Just One Year (Just One Day 2) - Page 58

At the table behind us, I hear someone snicker. “Más como Disneyland del infierno.”

I turn around. “You know the place?” I ask in Spanish.

“We work there,” the taller one answers in Spanish.

I put out my hand. “Willem,” I say.

“Esteban,” he answers.

“José,” says the shorter. They’re a bit of a spaghetti-and-meatball pair, too.

“Any chance you can sneak me in?”

Esteban shakes his head. “Not without risking my job. But there’s an easy way to get in. They’ll pay you to visit.”

“Really?”

Esteban asks me if I have a credit card.

I pull out my wallet and show him my brand new Visa, a gift from the bank after my large deposit.

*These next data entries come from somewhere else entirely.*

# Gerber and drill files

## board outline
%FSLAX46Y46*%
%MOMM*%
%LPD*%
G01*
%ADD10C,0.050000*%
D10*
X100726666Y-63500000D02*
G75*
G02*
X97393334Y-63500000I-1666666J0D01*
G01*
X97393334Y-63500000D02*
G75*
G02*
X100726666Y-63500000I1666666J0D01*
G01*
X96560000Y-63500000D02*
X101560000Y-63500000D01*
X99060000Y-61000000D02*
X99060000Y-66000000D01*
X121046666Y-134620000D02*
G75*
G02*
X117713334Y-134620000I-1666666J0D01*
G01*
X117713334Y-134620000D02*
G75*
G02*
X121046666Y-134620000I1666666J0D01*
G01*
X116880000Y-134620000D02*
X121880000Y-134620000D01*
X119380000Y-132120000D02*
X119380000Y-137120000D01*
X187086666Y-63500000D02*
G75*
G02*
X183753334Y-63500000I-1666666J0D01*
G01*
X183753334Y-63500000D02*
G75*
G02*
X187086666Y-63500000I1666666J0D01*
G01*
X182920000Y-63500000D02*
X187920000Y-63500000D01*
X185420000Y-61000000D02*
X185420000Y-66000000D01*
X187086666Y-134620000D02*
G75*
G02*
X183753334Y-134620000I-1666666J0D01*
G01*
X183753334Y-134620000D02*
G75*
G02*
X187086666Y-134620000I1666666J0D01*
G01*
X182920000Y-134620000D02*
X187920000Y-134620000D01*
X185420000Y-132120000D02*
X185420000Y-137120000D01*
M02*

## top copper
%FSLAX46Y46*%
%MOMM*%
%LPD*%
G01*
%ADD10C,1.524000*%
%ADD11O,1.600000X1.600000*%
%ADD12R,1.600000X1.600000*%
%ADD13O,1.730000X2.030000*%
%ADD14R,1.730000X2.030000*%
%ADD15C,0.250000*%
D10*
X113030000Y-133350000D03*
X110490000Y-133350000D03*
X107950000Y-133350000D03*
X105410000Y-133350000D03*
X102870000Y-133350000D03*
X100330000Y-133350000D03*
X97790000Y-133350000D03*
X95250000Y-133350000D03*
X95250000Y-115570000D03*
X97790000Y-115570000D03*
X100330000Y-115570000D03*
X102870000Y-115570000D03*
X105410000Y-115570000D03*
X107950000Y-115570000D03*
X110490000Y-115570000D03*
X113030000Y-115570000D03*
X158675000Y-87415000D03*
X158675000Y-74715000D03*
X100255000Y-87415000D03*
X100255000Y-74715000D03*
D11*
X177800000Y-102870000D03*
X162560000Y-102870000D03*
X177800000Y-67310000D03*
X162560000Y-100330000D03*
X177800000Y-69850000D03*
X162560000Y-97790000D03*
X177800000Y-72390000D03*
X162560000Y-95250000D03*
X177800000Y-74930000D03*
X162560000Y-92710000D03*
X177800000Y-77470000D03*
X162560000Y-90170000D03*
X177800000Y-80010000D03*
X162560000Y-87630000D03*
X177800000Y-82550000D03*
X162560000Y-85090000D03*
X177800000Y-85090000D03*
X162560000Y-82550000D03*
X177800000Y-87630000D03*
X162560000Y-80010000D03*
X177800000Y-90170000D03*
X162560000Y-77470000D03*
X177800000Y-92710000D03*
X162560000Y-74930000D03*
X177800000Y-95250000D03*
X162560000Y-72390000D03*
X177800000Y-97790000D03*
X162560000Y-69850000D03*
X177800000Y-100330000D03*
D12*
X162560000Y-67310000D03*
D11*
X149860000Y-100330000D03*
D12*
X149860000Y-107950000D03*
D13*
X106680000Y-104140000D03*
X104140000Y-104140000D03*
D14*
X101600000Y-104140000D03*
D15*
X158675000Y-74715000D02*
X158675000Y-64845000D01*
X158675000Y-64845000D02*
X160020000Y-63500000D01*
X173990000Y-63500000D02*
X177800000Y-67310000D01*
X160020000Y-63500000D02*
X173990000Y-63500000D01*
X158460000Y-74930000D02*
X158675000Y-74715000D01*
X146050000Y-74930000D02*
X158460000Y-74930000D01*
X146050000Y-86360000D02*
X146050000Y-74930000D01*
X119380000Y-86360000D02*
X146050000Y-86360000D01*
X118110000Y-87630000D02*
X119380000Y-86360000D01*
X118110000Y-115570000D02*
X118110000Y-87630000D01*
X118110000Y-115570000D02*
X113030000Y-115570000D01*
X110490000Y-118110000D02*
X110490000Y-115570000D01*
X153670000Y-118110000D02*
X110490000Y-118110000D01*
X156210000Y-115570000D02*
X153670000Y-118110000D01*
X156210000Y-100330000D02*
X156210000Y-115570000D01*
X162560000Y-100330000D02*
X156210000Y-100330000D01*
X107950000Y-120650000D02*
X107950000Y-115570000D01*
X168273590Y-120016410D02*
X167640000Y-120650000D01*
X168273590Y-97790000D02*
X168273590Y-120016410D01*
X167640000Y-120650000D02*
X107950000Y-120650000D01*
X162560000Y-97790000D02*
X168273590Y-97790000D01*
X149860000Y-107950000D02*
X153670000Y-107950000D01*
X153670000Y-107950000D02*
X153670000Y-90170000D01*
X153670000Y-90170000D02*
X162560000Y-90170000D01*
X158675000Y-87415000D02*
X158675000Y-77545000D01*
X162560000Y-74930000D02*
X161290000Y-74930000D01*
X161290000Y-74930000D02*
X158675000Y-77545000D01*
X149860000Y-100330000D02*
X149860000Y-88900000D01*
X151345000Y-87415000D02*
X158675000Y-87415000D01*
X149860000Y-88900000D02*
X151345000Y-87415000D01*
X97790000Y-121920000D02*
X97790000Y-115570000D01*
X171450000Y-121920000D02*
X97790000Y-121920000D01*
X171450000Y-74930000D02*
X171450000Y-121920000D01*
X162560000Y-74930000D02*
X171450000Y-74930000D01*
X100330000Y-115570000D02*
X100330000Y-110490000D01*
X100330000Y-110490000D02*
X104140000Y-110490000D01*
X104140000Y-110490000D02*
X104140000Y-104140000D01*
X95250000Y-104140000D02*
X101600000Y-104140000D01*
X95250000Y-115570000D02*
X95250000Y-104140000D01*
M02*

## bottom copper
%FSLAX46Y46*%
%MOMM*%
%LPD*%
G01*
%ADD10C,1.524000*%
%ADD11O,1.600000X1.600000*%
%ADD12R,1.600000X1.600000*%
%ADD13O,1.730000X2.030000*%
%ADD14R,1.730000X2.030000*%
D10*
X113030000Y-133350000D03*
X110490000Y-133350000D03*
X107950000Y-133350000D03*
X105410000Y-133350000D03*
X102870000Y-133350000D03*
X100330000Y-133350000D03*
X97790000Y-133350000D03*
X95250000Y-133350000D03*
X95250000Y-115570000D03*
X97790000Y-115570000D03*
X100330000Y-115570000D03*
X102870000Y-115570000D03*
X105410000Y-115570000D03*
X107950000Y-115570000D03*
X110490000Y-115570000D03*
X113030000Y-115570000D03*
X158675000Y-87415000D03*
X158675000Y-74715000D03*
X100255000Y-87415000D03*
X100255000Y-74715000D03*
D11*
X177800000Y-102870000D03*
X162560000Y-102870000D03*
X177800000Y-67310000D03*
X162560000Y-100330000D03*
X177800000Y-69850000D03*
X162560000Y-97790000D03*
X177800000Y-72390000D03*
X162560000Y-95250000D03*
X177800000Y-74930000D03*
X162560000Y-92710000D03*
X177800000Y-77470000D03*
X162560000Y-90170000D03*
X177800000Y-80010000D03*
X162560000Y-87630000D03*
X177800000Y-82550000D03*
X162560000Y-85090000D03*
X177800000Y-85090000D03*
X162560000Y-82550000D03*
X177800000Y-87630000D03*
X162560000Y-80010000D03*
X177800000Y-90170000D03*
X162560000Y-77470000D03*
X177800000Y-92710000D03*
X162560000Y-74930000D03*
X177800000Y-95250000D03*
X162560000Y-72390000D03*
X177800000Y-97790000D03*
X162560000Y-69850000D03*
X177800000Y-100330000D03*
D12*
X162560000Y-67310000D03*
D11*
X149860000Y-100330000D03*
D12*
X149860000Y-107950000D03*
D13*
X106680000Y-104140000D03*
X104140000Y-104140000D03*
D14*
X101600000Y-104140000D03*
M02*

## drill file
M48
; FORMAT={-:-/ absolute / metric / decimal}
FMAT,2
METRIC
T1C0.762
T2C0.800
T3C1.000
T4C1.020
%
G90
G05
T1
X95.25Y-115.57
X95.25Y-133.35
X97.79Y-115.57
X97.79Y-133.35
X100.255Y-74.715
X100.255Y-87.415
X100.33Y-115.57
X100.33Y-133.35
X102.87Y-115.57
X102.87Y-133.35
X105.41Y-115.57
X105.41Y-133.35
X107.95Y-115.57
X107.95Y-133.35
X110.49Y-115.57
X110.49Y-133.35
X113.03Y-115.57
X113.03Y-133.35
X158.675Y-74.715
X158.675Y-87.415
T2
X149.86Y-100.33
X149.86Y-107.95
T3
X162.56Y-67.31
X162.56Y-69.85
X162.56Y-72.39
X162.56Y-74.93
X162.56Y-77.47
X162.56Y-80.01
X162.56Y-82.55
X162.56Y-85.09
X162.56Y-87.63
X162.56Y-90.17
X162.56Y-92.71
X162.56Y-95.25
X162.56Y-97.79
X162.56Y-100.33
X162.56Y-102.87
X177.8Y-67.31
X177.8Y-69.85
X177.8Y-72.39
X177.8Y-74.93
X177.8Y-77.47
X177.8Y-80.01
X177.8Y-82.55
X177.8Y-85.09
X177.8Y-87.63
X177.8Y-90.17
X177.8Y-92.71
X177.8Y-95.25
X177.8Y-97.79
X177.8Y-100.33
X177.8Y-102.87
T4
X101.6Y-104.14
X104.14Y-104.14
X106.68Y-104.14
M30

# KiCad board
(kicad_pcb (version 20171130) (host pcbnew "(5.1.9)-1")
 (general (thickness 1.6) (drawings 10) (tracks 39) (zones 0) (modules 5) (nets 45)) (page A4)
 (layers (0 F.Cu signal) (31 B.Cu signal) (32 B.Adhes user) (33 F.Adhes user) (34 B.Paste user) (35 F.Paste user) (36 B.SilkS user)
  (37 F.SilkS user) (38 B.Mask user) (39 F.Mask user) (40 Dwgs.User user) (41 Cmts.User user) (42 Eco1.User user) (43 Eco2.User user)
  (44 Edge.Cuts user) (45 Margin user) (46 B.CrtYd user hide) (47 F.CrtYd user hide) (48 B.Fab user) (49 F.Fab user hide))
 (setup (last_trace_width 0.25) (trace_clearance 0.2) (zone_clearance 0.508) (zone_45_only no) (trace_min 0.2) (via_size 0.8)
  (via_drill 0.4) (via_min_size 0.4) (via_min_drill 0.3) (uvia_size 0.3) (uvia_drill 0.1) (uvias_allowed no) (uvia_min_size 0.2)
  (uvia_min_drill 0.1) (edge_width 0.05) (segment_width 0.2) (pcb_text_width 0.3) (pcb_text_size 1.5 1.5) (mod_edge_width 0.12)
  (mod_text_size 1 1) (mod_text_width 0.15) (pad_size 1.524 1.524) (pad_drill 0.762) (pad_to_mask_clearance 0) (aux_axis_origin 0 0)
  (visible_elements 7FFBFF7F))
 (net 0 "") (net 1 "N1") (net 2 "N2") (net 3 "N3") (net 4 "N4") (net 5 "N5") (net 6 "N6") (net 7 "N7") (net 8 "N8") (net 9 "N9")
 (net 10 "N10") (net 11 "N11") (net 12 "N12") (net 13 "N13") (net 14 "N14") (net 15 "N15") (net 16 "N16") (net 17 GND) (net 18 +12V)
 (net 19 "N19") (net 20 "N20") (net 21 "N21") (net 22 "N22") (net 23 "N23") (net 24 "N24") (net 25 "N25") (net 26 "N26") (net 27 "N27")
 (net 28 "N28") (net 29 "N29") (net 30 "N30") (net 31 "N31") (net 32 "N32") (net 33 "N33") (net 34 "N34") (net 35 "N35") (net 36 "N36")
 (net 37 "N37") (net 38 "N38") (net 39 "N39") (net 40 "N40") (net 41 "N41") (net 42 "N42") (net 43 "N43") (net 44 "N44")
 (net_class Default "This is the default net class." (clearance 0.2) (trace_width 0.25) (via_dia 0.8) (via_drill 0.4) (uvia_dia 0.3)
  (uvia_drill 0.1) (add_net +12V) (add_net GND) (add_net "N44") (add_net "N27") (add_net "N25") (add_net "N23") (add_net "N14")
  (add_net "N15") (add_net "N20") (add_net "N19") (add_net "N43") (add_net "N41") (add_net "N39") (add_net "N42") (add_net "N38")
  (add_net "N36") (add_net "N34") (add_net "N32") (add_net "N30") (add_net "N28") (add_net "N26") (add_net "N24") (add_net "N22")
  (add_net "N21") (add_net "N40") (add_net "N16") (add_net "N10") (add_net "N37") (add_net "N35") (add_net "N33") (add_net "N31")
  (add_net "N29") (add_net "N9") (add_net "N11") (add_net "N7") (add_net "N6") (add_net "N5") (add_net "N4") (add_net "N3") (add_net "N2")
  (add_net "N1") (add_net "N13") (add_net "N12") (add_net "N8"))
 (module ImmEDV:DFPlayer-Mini (layer F.Cu) (at 114.3 124.46 270)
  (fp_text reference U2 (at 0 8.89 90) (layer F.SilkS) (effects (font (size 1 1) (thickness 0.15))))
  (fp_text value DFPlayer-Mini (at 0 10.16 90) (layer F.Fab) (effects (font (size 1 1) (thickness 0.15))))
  (pad 16 thru_hole circle (at 8.89 1.27 270) (size 1.524 1.524) (drill 0.762) (layers *.Cu *.Mask) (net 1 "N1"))
  (pad 15 thru_hole circle (at 8.89 3.81 270) (size 1.524 1.524) (drill 0.762) (layers *.Cu *.Mask) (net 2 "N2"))
  (pad 14 thru_hole circle (at 8.89 6.35 270) (size 1.524 1.524) (drill 0.762) (layers *.Cu *.Mask) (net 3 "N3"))
  (pad 13 thru_hole circle (at 8.89 8.89 270) (size 1.524 1.524) (drill 0.762) (layers *.Cu *.Mask) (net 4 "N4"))
  (pad 12 thru_hole circle (at 8.89 11.43 270) (size 1.524 1.524) (drill 0.762) (layers *.Cu *.Mask) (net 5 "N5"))
  (pad 11 thru_hole circle (at 8.89 13.97 270) (size 1.524 1.524) (drill 0.762) (layers *.Cu *.Mask) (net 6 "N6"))
  (pad 10 thru_hole circle (at 8.89 16.51 270) (size 1.524 1.524) (drill 0.762) (layers *.Cu *.Mask) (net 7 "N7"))
  (pad 9 thru_hole circle (at 8.89 19.05 270) (size 1.524 1.524) (drill 0.762) (layers *.Cu *.Mask) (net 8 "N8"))
  (pad 8 thru_hole circle (at -8.89 19.05 270) (size 1.524 1.524) (drill 0.762) (layers *.Cu *.Mask) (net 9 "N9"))
  (pad 7 thru_hole circle (at -8.89 16.51 270) (size 1.524 1.524) (drill 0.762) (layers *.Cu *.Mask) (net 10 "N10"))
  (pad 6 thru_hole circle (at -8.89 13.97 270) (size 1.524 1.524) (drill 0.762) (layers *.Cu *.Mask) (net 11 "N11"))
  (pad 5 thru_hole circle (at -8.89 11.43 270) (size 1.524 1.524) (drill 0.762) (layers *.Cu *.Mask) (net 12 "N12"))
  (pad 4 thru_hole circle (at -8.89 8.89 270) (size 1.524 1.524) (drill 0.762) (layers *.Cu *.Mask) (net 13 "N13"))
  (pad 3 thru_hole circle (at -8.89 6.35 270) (size 1.524 1.524) (drill 0.762) (layers *.Cu *.Mask) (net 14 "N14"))
  (pad 2 thru_hole circle (at -8.89 3.81 270) (size 1.524 1.524) (drill 0.762) (layers *.Cu *.Mask) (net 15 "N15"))
  (pad 1 thru_hole circle (at -8.89 1.27 270) (size 1.524 1.524) (drill 0.762) (layers *.Cu *.Mask) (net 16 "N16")))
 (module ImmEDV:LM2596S (layer F.Cu) (at 126.925 79.795)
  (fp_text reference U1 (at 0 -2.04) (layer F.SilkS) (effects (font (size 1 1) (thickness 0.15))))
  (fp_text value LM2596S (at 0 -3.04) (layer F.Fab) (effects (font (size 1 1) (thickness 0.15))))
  (pad 4 thru_hole circle (at 31.75 7.62) (size 1.524 1.524) (drill 0.762) (layers *.Cu *.Mask) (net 10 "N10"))
  (pad 3 thru_hole circle (at 31.75 -5.08) (size 1.524 1.524) (drill 0.762) (layers *.Cu *.Mask) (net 16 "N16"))
  (pad 2 thru_hole circle (at -26.67 7.62) (size 1.524 1.524) (drill 0.762) (layers *.Cu *.Mask) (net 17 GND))
  (pad 1 thru_hole circle (at -26.67 -5.08) (size 1.524 1.524) (drill 0.762) (layers *.Cu *.Mask) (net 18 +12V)))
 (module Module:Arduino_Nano (layer F.Cu) (at 162.56 67.31)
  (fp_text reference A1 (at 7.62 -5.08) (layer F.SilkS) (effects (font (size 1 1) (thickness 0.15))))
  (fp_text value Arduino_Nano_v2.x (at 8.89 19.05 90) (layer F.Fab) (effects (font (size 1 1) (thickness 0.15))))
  (pad 16 thru_hole oval (at 15.24 35.56) (size 1.6 1.6) (drill 1) (layers *.Cu *.Mask) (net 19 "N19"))
  (pad 15 thru_hole oval (at 0 35.56) (size 1.6 1.6) (drill 1) (layers *.Cu *.Mask) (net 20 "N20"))
  (pad 30 thru_hole oval (at 15.24 0) (size 1.6 1.6) (drill 1) (layers *.Cu *.Mask) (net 16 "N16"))
  (pad 14 thru_hole oval (at 0 33.02) (size 1.6 1.6) (drill 1) (layers *.Cu *.Mask) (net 15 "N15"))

“Okay, good,” Esteban says. Then he looks at my outfit, a t-shirt and a beat-up pair of kakis. “You’ll also need better clothes. Not these surfer things.”

“No problem. Then what?”

Esteban explains how Cancún is full of sales reps trying to get people into those resorts to buy a timeshare. They hang out at car-rental places, in the airports, even at some of the ruins. “If they think you have money, they’ll invite you to take a tour. They’ll even pay you for your trouble, money, free tours, massages.”

I explain this all to Broodje.

“Sounds too good to be true,” he says.

“It’s no too good, and it is true,” José answers in English. “So many people buy, make such a big decision after just one day.” He shakes his head, in wonderment, or disgust, or both.

“Fools and their money,” T.J. says, laughing. “So y’all gotta look like you’re loaded.”

“But he is loaded!” Broodje says. “What does it matter what he looks like?”

José says, “No matter what you is; only matter what you seem.”

I buy Broodje and myself some linen pants and button-up shirts for next to nothing and spend a ridiculous amount on a couple of pairs of Armani sunglasses from one of the stalls in the touristy section of town.

Broodje is aghast at the cost of the glasses. But I tell him they’re necessary. “It’s the little details that tell the big story.” That was what Tor always said, to explain why we had such minimal costumes in Guerilla Will.

“What’s the big story?” he asks.

“We’re slacker playboys with trust funds, renting a house on Isla Mujeres.”

“So, aside from the house, you’re pretending to be you?”

The next day is Christmas so we wait until the day after to set off. At the first car rental agency, we’ve practically rented a car by the time we realize that there’s no one there offering us a tour. At the second car rental agency, we’re met by a smiling, big-toothed American blonde who asks us how long we’re in town for and where we’re staying.

“Oh, I love the Isla,” she purrs after we tell her about our villa. “Have you eaten at Mango yet?”

Broodje looks mildly panicked but I just give a little smile. “Not yet.”

“Oh,” she says. “Does your villa come with a cook?”

I just continue to smile, a little bashfully this time, as if the largesse embarrasses me.